Task brief: Across the data, every line with the word "OSHW" counts once; state the total alone.
◇ ◇ ◇ ◇
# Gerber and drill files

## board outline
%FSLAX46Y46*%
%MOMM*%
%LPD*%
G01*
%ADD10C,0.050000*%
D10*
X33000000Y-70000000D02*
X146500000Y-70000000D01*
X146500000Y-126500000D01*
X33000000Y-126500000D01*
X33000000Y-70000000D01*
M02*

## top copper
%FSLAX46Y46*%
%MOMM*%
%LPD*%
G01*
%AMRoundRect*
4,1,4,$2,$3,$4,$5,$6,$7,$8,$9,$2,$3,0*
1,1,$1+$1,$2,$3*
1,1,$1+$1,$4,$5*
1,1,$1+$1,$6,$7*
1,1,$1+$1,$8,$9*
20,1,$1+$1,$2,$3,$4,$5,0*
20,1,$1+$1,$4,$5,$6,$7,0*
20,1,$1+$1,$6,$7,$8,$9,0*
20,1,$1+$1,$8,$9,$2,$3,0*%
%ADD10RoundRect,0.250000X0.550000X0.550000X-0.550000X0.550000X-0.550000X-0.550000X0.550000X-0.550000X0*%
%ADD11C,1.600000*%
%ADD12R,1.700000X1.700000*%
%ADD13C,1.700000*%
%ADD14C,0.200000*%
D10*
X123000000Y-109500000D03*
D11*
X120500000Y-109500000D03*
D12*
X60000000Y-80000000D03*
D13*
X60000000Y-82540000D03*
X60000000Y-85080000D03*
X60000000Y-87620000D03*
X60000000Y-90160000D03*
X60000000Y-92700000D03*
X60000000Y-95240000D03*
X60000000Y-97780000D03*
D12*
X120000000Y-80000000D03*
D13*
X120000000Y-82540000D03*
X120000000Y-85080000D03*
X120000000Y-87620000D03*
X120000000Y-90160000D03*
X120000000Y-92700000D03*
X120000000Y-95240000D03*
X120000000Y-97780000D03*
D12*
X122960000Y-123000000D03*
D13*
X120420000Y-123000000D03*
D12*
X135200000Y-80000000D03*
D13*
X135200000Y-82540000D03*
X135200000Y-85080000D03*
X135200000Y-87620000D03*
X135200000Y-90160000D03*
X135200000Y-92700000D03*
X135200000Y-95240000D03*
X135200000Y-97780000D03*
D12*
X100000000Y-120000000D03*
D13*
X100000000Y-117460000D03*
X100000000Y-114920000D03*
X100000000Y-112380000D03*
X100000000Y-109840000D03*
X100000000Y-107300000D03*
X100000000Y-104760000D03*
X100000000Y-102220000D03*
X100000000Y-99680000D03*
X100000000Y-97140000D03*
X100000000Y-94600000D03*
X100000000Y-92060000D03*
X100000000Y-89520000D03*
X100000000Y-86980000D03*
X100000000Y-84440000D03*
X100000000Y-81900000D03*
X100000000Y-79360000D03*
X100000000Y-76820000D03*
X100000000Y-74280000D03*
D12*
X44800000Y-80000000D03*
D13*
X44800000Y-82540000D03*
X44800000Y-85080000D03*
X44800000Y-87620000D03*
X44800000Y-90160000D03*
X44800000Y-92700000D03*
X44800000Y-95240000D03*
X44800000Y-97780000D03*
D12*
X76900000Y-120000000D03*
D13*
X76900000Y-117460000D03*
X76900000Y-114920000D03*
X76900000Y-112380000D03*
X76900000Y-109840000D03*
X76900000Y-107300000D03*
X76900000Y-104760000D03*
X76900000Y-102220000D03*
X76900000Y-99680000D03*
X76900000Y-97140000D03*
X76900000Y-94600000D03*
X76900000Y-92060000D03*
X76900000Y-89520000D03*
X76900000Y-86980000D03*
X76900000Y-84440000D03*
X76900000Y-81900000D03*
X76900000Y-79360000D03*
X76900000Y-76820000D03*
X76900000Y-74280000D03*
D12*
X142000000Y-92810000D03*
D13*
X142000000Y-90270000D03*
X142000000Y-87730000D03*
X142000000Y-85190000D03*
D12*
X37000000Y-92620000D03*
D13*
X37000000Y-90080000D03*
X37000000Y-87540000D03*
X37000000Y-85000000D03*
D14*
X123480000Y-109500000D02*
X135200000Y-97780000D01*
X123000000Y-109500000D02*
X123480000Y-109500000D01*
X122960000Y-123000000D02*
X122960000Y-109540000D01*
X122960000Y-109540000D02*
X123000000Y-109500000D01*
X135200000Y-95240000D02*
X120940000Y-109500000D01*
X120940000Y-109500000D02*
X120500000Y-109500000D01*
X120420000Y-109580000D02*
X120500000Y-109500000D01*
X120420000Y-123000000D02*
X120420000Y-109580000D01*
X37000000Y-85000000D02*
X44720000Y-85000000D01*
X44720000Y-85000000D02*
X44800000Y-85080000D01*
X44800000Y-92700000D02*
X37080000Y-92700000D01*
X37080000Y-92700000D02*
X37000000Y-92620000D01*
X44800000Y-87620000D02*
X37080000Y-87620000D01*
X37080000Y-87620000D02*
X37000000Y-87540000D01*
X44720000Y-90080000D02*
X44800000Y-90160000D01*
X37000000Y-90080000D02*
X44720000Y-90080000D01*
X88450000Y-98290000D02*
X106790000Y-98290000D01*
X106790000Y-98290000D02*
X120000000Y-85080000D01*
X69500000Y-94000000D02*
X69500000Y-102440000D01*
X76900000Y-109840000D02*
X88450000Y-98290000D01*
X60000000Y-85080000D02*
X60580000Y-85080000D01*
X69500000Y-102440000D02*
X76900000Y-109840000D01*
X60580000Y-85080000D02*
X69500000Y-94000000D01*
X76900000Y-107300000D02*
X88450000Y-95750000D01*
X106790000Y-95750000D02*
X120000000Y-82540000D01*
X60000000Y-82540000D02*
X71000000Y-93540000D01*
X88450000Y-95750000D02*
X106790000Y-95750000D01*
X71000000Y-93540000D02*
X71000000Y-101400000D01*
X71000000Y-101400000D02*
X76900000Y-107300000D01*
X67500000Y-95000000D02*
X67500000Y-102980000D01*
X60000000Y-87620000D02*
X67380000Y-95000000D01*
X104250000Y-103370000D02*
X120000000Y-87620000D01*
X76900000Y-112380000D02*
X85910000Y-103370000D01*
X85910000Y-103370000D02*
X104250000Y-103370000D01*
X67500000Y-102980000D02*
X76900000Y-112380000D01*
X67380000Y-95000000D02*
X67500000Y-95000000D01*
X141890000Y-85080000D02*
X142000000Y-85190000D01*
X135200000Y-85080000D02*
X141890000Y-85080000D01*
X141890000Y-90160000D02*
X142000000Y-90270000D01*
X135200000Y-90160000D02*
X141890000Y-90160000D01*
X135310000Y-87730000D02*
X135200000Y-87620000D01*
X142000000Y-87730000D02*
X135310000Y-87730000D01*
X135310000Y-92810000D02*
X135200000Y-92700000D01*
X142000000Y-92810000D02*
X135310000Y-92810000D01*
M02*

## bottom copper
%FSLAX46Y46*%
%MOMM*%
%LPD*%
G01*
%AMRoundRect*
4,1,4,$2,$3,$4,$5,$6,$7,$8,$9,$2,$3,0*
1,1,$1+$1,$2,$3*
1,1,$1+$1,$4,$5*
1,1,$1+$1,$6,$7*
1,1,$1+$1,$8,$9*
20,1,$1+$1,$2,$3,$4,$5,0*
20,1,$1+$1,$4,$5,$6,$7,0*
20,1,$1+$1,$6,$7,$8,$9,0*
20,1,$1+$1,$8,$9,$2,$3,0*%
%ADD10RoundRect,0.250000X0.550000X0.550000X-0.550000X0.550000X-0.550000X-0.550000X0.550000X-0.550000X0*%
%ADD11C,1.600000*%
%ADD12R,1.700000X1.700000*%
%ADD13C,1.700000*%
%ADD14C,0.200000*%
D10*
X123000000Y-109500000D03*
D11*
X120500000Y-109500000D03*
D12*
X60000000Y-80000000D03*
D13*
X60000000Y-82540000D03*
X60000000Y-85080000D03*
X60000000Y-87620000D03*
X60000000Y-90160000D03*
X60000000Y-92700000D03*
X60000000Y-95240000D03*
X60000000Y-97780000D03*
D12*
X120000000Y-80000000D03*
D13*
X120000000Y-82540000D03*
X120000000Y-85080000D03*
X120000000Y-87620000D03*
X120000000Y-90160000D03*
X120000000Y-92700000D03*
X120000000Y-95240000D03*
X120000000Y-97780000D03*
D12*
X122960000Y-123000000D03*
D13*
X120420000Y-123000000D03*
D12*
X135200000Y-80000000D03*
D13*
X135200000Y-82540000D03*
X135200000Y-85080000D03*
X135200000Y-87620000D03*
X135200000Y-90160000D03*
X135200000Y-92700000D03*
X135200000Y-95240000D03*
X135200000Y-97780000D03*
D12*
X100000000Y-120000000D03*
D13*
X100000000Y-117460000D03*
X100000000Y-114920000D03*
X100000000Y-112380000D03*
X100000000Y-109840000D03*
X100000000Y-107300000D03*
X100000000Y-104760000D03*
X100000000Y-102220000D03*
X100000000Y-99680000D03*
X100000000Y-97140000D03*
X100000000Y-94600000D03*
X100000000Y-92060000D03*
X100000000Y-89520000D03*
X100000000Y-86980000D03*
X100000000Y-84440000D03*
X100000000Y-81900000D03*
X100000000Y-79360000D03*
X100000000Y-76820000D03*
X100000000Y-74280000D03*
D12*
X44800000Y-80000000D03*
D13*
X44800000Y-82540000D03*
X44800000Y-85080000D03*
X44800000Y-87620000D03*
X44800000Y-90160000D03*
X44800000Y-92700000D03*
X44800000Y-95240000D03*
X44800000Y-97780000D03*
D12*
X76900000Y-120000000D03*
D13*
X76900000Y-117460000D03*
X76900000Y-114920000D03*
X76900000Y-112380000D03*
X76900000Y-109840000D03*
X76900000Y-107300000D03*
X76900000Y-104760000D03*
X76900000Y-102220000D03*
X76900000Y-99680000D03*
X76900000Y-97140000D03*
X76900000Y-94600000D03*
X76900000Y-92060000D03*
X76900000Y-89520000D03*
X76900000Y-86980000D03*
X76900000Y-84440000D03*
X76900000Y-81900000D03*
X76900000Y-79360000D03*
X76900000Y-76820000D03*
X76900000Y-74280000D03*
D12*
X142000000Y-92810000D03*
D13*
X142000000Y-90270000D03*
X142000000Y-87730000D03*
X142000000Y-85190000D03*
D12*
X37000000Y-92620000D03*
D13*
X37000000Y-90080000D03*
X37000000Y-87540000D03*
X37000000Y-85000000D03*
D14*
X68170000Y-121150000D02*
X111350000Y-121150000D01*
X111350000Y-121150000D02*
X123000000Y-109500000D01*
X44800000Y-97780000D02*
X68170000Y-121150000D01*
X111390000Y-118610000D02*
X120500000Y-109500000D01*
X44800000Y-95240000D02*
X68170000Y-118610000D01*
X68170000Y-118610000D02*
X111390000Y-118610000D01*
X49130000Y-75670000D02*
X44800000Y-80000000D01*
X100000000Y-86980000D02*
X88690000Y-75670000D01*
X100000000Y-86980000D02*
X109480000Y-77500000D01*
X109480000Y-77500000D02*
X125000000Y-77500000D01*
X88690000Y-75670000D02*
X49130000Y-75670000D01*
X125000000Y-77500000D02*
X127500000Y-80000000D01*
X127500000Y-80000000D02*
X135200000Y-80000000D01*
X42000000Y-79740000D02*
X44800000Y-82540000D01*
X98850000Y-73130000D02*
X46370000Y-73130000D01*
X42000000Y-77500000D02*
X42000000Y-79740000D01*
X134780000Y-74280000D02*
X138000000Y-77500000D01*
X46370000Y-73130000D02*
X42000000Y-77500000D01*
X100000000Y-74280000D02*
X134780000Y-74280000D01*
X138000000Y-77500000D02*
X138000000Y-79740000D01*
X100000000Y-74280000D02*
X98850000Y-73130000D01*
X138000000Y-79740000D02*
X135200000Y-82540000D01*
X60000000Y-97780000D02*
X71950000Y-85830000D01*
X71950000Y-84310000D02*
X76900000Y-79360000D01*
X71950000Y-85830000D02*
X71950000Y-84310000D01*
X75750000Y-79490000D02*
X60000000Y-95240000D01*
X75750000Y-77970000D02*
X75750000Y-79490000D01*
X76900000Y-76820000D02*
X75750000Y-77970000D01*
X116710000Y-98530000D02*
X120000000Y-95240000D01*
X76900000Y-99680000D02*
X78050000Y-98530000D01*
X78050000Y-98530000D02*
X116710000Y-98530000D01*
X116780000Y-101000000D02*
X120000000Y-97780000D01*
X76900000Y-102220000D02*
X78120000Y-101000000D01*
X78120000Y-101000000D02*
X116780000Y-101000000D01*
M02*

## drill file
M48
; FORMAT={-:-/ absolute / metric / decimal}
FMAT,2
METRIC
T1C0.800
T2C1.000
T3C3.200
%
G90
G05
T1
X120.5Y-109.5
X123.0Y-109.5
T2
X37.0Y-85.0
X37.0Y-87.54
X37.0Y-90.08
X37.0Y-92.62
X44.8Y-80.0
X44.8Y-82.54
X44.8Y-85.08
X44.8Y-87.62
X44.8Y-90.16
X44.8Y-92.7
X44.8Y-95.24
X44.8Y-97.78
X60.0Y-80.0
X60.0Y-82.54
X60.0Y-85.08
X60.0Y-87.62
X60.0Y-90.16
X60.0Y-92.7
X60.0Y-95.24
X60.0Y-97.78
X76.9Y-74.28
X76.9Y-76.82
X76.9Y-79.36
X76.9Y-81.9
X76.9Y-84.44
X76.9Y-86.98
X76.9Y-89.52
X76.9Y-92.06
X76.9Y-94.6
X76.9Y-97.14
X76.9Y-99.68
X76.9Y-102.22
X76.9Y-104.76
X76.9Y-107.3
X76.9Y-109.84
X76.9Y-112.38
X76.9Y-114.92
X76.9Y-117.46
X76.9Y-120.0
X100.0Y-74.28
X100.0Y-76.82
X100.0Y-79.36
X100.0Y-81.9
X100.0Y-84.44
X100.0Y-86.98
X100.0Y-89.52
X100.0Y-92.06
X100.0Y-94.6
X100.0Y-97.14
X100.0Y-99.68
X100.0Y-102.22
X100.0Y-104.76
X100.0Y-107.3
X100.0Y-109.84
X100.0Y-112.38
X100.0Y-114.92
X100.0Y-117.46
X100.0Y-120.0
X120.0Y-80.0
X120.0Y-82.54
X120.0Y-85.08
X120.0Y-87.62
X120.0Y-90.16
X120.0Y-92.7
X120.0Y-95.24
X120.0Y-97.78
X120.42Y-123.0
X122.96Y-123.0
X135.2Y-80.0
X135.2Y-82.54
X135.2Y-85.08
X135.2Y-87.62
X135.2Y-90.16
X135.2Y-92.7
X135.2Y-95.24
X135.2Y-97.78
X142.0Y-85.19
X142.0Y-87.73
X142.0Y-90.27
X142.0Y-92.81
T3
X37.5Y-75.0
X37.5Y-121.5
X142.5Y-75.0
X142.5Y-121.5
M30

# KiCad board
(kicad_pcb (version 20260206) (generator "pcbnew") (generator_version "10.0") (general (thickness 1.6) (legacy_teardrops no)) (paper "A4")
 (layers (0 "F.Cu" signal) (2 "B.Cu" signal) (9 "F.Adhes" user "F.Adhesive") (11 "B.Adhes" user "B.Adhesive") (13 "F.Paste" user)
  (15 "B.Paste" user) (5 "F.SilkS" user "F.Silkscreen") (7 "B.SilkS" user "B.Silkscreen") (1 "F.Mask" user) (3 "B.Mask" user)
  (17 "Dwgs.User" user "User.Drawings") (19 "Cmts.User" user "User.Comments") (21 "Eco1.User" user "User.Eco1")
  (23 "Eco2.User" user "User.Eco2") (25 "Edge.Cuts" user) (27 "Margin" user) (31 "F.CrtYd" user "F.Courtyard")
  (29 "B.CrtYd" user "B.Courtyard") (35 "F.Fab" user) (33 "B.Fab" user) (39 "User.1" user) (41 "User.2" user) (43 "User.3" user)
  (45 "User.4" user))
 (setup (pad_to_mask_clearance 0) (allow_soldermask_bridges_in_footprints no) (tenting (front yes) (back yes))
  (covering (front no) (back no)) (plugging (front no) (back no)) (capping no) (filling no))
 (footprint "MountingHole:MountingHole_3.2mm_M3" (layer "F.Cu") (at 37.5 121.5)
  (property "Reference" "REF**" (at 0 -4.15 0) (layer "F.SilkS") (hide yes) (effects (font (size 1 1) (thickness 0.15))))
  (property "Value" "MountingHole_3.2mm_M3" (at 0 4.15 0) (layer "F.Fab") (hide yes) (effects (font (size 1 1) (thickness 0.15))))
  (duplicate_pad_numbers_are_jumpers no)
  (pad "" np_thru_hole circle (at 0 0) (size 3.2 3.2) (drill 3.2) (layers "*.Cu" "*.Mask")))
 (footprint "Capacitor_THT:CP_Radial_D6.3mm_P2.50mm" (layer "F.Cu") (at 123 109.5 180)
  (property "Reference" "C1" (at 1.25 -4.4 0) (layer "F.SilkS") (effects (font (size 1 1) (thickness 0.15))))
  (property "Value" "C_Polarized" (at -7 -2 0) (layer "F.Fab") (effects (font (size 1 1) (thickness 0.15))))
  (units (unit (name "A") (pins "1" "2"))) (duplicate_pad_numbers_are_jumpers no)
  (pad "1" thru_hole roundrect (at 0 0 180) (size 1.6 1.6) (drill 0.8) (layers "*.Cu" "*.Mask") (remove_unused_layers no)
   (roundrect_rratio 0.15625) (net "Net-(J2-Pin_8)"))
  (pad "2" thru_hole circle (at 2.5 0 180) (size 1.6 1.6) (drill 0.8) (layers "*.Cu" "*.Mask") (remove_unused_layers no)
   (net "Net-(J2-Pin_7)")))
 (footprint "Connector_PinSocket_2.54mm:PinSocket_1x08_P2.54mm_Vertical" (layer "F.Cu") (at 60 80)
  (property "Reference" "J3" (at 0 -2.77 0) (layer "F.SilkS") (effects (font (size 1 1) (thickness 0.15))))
◇ ◇ ◇ ◇
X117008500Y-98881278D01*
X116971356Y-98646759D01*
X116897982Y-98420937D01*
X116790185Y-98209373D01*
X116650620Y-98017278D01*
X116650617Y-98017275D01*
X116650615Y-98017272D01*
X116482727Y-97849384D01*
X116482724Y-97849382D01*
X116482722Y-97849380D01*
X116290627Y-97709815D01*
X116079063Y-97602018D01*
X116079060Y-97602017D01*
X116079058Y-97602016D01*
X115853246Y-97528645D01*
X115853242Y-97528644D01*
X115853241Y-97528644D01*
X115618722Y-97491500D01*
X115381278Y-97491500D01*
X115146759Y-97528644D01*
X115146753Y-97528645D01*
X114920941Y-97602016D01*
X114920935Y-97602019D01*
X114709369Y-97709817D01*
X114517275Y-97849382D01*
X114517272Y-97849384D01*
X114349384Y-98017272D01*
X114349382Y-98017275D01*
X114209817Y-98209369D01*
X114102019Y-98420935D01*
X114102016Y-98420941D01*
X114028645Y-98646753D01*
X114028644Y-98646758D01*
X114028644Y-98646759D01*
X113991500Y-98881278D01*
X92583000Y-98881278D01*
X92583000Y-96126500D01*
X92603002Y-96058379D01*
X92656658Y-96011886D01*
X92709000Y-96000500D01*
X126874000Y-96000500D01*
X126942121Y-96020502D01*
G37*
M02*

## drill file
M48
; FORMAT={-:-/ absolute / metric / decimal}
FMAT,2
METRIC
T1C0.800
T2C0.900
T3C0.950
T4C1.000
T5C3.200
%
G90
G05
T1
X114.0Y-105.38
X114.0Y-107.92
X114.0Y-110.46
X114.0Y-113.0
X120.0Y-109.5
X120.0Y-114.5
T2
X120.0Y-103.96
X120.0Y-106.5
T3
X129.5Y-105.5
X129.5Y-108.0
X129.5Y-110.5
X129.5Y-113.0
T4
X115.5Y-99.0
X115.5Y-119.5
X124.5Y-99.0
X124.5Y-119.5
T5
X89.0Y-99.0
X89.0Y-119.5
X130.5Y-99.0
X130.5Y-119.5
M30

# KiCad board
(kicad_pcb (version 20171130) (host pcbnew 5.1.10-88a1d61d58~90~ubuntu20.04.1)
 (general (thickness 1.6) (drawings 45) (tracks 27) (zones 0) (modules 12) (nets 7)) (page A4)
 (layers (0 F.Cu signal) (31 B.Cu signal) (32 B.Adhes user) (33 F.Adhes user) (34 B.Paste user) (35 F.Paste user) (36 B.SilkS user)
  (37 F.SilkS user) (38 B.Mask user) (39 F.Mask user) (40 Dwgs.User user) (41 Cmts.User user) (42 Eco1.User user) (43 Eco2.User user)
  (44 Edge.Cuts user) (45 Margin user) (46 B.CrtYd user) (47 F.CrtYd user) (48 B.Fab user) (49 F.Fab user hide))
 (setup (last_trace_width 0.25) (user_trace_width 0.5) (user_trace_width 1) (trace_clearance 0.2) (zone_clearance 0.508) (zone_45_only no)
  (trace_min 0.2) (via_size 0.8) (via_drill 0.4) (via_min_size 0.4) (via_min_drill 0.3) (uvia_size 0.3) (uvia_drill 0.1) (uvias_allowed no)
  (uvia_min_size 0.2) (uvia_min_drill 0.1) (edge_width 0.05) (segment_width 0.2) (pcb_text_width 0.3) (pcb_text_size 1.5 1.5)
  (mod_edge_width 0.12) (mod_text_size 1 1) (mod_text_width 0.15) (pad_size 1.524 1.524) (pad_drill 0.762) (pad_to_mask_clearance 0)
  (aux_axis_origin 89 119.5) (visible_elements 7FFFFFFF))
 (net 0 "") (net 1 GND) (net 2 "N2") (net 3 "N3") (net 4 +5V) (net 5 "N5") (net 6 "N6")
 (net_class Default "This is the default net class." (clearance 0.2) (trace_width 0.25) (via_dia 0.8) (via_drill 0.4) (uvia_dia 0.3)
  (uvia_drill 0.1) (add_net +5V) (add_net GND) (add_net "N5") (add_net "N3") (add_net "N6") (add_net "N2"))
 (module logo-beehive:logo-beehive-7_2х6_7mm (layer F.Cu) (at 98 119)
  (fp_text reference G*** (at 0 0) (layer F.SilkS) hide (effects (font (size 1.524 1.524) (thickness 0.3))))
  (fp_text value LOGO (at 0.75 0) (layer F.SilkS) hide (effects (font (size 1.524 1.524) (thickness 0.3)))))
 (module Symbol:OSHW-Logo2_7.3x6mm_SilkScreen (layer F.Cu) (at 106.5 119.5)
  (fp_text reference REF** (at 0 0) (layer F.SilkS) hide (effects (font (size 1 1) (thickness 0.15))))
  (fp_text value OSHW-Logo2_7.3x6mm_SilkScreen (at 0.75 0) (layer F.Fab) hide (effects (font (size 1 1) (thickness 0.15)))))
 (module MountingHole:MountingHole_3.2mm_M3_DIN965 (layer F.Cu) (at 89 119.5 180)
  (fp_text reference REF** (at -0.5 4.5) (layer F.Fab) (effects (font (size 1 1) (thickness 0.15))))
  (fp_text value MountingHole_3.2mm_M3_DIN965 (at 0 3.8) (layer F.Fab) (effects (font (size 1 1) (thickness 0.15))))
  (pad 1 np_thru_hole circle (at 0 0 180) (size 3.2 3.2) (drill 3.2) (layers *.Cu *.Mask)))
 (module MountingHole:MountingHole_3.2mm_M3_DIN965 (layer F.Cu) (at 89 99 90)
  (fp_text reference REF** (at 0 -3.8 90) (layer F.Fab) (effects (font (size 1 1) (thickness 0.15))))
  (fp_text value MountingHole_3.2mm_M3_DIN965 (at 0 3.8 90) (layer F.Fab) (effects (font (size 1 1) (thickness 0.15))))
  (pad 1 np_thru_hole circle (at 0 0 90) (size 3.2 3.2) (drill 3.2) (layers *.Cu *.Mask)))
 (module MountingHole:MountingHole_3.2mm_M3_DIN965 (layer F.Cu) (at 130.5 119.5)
◇ ◇ ◇ ◇
Answer box: 2